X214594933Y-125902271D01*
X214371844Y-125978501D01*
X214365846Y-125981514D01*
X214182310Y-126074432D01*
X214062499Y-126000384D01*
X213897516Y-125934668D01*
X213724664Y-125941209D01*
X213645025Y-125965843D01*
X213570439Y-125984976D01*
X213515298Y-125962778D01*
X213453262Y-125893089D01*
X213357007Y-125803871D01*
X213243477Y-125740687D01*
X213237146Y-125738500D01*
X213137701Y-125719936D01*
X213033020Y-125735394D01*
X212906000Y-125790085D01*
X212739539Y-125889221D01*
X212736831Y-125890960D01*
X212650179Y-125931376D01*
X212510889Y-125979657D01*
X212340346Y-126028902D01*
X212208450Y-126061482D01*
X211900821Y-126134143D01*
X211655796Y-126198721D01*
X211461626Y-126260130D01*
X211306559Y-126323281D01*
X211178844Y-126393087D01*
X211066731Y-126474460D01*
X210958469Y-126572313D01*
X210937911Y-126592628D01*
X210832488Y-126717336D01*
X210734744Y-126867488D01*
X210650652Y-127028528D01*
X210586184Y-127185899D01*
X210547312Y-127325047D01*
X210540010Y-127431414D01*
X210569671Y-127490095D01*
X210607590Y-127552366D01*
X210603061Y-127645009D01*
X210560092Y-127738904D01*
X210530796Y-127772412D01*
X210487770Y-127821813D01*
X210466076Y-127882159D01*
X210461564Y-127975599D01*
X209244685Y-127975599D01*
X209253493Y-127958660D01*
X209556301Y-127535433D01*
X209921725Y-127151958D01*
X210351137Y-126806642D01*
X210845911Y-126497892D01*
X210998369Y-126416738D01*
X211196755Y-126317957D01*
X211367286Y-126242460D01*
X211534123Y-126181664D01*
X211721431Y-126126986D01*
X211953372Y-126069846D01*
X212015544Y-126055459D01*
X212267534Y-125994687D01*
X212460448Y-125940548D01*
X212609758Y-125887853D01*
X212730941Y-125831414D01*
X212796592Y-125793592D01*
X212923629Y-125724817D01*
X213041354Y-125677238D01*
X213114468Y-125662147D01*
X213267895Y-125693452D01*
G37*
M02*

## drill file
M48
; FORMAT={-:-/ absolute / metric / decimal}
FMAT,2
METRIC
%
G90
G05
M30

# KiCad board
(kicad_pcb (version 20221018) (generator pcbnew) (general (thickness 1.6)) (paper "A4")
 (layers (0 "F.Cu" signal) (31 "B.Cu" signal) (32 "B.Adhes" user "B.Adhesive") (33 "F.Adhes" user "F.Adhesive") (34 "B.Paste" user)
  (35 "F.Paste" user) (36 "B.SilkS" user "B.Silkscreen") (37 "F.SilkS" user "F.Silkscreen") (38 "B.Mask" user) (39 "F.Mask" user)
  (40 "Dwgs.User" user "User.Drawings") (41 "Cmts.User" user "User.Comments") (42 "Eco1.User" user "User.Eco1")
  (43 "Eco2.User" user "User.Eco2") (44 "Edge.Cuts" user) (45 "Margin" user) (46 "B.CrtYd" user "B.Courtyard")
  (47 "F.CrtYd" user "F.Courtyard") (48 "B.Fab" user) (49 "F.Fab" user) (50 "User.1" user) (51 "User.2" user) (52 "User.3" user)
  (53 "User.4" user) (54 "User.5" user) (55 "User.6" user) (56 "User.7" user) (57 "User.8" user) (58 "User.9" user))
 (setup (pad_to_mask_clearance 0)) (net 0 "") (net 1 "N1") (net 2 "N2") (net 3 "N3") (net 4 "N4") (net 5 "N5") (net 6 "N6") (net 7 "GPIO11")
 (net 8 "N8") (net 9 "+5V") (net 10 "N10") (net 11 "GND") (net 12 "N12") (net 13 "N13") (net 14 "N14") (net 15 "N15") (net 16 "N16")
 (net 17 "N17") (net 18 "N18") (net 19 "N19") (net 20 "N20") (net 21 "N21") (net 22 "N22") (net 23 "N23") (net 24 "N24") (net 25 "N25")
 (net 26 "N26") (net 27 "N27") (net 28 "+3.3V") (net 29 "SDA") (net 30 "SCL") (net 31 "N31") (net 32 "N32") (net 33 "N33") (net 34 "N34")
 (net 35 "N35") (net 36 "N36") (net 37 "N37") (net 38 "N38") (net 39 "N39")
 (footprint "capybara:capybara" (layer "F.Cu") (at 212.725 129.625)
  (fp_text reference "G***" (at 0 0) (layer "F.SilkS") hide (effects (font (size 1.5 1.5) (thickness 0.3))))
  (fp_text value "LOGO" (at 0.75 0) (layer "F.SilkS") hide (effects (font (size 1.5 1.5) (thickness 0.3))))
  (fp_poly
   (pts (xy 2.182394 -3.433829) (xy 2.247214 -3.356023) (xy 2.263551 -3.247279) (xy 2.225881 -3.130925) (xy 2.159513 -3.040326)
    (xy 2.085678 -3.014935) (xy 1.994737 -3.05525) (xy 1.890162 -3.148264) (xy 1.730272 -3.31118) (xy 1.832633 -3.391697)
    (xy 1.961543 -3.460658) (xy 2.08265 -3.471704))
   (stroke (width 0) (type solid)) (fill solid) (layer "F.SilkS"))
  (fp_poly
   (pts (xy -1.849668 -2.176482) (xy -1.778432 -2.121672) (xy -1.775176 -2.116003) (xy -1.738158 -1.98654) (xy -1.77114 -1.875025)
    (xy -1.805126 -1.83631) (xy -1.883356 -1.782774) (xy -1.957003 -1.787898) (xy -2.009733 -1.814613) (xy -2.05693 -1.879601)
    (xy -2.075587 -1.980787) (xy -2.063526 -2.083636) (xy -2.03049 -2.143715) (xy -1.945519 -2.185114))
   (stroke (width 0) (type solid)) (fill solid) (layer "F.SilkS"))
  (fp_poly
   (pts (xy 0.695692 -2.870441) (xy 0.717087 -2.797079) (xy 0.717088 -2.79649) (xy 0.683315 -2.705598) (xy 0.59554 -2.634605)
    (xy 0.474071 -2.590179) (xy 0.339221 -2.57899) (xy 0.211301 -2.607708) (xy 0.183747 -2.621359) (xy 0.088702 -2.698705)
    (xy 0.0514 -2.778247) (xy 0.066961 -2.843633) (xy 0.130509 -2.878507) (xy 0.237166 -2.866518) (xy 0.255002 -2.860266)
———
# [Exercise description]
Only lines that contain the string "SilkS" count; pick each one out of the records and copy it.

# [Expected answer]
  (35 "F.Paste" user) (36 "B.SilkS" user "B.Silkscreen") (37 "F.SilkS" user "F.Silkscreen") (38 "B.Mask" user) (39 "F.Mask" user)
  (fp_text reference "G***" (at 0 0) (layer "F.SilkS") hide (effects (font (size 1.5 1.5) (thickness 0.3))))
  (fp_text value "LOGO" (at 0.75 0) (layer "F.SilkS") hide (effects (font (size 1.5 1.5) (thickness 0.3))))
   (stroke (width 0) (type solid)) (fill solid) (layer "F.SilkS"))
   (stroke (width 0) (type solid)) (fill solid) (layer "F.SilkS"))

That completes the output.